(Stored entries)

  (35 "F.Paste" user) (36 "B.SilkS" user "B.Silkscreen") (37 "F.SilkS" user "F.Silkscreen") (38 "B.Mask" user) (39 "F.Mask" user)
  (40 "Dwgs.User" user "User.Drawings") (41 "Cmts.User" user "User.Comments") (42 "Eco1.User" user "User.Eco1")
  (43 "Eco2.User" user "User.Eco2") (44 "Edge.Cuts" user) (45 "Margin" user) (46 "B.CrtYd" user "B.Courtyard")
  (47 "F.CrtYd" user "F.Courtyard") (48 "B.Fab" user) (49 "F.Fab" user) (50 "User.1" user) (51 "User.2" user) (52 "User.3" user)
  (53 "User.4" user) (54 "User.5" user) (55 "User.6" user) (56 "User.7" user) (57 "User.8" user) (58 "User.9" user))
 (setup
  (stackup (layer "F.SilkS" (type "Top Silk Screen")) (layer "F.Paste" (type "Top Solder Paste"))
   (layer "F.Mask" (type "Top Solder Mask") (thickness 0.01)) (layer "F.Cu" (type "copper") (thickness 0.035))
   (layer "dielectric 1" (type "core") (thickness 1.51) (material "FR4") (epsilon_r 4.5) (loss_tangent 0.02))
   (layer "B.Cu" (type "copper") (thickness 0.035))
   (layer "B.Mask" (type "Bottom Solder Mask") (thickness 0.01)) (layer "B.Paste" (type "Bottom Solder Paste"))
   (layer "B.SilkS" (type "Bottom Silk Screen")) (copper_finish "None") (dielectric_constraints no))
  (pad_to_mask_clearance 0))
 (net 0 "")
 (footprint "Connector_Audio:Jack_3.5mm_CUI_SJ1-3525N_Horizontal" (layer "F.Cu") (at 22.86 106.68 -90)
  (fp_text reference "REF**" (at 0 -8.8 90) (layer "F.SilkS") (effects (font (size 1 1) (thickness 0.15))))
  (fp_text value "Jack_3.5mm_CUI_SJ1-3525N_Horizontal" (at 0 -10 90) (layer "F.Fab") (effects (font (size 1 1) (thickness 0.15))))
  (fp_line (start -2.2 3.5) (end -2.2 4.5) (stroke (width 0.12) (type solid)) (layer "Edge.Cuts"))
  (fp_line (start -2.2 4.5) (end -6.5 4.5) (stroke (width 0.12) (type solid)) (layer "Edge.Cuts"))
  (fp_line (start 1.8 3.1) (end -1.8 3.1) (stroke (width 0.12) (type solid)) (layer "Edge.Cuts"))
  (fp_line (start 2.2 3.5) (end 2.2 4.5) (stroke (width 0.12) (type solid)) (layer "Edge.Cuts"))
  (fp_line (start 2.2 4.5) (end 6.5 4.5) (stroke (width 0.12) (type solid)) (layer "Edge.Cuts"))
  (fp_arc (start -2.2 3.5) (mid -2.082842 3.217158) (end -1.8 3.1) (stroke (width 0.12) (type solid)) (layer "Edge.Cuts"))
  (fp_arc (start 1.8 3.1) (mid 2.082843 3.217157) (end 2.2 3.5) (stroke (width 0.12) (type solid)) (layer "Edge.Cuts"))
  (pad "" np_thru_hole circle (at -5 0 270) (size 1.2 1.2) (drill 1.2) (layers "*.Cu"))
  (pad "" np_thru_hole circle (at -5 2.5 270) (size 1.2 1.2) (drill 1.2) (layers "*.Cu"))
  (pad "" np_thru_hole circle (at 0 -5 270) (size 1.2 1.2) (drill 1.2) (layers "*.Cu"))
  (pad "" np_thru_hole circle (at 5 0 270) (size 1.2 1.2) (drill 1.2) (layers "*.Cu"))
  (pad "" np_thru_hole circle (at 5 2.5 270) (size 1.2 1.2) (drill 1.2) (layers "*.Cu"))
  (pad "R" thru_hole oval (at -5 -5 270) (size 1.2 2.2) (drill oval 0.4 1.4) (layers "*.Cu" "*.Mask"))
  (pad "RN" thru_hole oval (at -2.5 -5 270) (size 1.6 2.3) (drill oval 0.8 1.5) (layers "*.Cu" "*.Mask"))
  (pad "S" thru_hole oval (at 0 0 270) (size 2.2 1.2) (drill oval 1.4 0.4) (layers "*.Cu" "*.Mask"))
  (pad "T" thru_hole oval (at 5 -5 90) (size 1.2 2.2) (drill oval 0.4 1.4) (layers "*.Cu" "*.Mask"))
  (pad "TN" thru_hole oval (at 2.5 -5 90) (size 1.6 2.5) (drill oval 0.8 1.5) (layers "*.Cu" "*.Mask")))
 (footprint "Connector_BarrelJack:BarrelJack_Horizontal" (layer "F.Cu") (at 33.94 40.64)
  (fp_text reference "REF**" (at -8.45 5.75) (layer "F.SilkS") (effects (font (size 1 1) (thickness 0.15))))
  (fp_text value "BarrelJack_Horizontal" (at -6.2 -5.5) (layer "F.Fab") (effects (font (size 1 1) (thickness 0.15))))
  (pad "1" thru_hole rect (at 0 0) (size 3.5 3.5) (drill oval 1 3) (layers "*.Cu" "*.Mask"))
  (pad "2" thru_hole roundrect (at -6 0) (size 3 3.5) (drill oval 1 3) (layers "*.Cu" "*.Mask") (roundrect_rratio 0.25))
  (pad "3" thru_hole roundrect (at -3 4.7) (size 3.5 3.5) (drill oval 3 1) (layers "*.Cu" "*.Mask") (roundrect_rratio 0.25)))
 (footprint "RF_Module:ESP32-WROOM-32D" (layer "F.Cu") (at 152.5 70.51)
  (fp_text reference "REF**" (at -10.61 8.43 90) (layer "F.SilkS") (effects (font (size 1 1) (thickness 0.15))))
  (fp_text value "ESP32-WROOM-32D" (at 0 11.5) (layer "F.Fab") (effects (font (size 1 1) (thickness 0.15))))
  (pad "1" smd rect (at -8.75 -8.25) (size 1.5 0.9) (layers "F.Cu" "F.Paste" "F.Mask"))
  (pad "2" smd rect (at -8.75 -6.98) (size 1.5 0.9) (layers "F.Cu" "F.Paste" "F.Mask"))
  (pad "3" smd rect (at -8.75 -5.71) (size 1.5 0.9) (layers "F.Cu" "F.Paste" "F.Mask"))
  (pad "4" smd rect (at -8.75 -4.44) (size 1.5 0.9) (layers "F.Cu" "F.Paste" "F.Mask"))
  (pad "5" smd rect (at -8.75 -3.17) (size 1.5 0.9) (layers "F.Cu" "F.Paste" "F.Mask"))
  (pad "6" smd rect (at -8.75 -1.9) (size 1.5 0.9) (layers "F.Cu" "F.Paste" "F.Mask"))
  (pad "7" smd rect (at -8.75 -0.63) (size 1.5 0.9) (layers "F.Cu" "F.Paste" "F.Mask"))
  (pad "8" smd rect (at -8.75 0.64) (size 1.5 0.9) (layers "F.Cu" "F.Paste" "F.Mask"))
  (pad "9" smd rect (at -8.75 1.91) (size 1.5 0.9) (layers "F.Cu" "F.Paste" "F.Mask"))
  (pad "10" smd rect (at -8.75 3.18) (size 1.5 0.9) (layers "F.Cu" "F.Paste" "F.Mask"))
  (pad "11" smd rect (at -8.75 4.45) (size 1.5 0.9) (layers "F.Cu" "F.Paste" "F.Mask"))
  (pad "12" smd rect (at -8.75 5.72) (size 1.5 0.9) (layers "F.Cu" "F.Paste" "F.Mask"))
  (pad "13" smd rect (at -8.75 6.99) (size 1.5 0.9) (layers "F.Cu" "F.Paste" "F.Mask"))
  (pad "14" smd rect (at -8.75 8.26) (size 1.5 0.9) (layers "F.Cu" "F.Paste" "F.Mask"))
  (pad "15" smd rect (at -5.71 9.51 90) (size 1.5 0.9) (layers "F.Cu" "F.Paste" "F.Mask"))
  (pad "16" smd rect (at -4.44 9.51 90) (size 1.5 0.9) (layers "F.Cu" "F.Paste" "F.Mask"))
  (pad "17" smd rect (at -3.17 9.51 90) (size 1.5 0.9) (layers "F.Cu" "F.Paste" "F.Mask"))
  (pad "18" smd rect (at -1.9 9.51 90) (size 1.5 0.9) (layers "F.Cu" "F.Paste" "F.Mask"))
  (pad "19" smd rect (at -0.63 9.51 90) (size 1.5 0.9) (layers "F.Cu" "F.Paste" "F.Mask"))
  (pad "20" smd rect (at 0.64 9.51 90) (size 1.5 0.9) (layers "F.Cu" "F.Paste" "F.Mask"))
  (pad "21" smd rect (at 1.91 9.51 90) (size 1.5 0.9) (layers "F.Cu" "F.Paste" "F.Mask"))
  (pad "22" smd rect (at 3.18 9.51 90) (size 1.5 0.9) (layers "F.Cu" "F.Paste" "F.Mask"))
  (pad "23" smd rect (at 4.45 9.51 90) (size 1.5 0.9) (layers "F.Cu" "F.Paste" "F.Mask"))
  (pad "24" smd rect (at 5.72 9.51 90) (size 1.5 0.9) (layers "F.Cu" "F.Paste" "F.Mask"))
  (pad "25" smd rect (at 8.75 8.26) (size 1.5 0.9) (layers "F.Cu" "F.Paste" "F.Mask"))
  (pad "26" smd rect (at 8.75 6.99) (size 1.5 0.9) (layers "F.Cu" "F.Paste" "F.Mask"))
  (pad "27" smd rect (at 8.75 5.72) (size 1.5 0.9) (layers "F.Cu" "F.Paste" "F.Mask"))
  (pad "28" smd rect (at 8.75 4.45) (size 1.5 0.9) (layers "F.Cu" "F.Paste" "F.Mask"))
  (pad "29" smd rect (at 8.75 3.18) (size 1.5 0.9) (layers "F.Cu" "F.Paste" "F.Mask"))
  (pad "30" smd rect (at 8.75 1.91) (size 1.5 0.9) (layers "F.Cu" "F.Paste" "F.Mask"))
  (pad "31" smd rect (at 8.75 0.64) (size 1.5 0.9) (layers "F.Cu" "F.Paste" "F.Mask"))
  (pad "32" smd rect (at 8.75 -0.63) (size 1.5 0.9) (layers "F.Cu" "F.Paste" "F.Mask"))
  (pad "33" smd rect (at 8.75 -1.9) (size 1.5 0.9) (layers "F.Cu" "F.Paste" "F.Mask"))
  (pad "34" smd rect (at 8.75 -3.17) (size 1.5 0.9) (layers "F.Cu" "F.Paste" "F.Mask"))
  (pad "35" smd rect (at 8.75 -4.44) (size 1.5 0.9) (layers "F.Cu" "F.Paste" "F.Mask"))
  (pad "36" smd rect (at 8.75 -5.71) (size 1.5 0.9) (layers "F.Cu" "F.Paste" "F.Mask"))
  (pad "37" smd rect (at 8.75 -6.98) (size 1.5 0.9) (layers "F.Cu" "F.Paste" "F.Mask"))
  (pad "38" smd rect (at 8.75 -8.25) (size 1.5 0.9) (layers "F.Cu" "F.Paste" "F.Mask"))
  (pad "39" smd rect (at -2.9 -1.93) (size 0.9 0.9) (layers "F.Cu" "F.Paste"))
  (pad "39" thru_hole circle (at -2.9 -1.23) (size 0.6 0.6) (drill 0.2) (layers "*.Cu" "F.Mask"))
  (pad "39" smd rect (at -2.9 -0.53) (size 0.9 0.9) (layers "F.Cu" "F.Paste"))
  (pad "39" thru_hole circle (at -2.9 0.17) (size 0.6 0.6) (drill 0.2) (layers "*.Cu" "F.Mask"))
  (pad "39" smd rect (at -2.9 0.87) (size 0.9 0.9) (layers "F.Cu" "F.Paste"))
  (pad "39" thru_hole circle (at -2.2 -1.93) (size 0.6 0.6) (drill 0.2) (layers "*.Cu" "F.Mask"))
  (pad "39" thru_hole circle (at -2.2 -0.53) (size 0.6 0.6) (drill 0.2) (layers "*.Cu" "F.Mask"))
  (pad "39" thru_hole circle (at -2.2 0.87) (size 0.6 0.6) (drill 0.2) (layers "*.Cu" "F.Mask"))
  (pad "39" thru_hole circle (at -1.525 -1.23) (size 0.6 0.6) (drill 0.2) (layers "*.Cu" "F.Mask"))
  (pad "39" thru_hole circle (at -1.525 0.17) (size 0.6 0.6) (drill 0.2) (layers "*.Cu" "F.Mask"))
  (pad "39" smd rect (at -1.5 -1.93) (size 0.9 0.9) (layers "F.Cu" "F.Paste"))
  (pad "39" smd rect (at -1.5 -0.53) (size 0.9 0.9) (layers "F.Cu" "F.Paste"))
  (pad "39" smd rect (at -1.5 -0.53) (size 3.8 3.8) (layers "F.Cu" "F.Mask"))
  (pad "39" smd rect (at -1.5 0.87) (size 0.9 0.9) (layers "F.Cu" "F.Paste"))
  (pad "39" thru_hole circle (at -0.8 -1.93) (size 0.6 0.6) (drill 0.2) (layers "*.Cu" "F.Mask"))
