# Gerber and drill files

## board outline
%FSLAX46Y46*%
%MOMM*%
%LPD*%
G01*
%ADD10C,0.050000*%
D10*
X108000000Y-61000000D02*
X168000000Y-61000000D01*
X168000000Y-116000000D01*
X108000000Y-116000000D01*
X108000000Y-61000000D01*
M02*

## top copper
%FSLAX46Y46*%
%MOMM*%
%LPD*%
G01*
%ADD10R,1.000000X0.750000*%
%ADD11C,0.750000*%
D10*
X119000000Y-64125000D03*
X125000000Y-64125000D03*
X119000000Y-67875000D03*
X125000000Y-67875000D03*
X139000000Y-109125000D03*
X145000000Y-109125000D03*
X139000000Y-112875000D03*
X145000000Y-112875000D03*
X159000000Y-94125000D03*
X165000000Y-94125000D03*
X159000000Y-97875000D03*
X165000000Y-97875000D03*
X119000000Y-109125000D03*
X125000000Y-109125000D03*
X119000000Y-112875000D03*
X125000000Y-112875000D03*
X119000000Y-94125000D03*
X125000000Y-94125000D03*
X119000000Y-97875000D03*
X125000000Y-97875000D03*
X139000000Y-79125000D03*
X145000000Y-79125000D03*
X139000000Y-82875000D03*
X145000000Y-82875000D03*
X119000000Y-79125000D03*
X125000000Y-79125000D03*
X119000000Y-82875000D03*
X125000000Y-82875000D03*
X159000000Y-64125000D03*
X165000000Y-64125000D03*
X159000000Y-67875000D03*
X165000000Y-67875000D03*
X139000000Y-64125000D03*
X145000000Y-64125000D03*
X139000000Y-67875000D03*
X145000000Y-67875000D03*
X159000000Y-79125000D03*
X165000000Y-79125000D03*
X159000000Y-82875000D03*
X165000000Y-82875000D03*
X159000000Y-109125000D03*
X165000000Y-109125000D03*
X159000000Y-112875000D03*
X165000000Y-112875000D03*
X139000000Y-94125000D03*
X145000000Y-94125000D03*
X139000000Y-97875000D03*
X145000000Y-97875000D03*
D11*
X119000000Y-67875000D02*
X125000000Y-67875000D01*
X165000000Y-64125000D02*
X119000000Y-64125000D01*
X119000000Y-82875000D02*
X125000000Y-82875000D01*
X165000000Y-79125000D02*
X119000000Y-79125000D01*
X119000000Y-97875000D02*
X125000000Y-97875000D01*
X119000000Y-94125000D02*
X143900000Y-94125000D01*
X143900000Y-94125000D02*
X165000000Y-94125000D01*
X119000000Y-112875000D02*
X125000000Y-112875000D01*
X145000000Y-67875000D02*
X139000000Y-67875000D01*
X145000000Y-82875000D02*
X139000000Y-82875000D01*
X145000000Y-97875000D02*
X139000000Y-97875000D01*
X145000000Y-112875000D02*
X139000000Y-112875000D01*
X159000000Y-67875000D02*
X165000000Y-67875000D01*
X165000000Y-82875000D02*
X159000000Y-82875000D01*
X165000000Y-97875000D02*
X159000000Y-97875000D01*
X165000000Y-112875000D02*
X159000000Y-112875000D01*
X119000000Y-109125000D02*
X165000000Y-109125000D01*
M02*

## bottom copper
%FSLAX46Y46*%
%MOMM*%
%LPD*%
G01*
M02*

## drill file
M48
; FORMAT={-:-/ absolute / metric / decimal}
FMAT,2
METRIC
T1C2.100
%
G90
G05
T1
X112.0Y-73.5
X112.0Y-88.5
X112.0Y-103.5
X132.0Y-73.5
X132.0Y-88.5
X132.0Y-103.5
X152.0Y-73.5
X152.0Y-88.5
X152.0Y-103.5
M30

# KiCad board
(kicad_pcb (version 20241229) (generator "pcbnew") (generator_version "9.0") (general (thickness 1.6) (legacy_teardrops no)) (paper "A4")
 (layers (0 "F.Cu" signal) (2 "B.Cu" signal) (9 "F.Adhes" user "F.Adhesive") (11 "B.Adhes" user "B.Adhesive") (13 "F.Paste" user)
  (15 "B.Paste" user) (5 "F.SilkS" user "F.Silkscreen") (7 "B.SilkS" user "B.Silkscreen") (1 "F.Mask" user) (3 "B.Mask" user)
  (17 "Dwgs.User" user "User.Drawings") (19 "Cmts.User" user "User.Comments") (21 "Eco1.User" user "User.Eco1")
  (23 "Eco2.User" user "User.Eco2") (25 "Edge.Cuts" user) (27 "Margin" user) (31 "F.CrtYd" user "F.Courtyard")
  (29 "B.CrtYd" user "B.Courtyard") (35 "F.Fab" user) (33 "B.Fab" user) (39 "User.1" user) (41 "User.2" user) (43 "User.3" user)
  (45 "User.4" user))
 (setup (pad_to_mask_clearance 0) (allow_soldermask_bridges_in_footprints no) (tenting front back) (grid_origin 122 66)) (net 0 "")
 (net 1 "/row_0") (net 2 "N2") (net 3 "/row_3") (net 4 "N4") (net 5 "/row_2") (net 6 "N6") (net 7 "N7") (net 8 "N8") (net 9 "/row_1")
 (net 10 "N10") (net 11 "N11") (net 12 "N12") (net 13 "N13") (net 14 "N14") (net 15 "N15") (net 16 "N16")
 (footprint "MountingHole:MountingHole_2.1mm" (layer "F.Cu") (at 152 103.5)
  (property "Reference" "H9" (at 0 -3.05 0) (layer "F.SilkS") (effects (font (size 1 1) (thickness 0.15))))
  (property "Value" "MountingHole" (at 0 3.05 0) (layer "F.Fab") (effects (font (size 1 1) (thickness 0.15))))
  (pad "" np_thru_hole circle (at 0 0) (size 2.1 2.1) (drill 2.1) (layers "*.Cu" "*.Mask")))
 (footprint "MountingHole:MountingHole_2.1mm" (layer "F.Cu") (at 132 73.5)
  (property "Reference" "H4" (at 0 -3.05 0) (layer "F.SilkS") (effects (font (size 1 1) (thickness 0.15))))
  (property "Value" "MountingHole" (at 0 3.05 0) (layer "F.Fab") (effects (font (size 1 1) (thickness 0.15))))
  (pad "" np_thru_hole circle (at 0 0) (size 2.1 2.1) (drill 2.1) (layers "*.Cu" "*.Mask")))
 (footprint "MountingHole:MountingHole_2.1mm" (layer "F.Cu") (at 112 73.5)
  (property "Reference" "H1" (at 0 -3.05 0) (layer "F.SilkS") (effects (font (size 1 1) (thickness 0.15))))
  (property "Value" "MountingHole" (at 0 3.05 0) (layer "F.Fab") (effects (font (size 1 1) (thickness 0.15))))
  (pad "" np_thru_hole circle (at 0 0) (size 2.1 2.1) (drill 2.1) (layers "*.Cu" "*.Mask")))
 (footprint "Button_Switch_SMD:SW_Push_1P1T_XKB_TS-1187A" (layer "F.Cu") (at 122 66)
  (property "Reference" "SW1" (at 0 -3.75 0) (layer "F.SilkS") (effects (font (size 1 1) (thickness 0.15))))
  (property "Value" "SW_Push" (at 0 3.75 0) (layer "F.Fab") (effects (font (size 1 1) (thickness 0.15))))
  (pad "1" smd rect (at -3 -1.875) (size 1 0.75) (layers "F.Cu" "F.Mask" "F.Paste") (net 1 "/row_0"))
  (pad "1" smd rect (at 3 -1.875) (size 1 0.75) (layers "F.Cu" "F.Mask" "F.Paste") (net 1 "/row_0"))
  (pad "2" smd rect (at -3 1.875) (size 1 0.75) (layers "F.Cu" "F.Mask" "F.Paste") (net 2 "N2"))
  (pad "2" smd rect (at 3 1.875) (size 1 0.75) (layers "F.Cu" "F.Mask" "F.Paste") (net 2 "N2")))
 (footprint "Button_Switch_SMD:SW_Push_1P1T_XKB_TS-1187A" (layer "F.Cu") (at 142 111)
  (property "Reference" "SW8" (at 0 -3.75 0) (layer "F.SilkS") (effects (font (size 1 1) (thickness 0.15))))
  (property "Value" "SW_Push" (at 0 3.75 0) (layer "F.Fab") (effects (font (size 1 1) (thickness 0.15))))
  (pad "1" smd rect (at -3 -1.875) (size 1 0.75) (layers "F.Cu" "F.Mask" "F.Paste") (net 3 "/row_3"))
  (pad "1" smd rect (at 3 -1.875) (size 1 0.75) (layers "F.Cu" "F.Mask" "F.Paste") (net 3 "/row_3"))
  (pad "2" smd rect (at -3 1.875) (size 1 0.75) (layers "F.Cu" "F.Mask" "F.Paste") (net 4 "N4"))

• [What this task involves] The required answer is the run of lines above, starting at the line with "4.5) (loss_tangent 0.02))" and ending at the line with "(fp_line (start -2.2 4.5)", reproduced exactly with both ends.

• [Written solution]
   (layer "dielectric 1" (type "core") (thickness 1.51) (material "FR4") (epsilon_r 4.5) (loss_tangent 0.02))
   (layer "B.Cu" (type "copper") (thickness 0.035))
   (layer "B.Mask" (type "Bottom Solder Mask") (thickness 0.01)) (layer "B.Paste" (type "Bottom Solder Paste"))
   (layer "B.SilkS" (type "Bottom Silk Screen")) (copper_finish "None") (dielectric_constraints no))
  (pad_to_mask_clearance 0))
 (net 0 "")
 (footprint "Connector_Audio:Jack_3.5mm_CUI_SJ1-3525N_Horizontal" (layer "F.Cu") (at 22.86 106.68 -90)
  (fp_text reference "REF**" (at 0 -8.8 90) (layer "F.SilkS") (effects (font (size 1 1) (thickness 0.15))))
  (fp_text value "Jack_3.5mm_CUI_SJ1-3525N_Horizontal" (at 0 -10 90) (layer "F.Fab") (effects (font (size 1 1) (thickness 0.15))))
  (fp_line (start -2.2 3.5) (end -2.2 4.5) (stroke (width 0.12) (type solid)) (layer "Edge.Cuts"))
  (fp_line (start -2.2 4.5) (end -6.5 4.5) (stroke (width 0.12) (type solid)) (layer "Edge.Cuts"))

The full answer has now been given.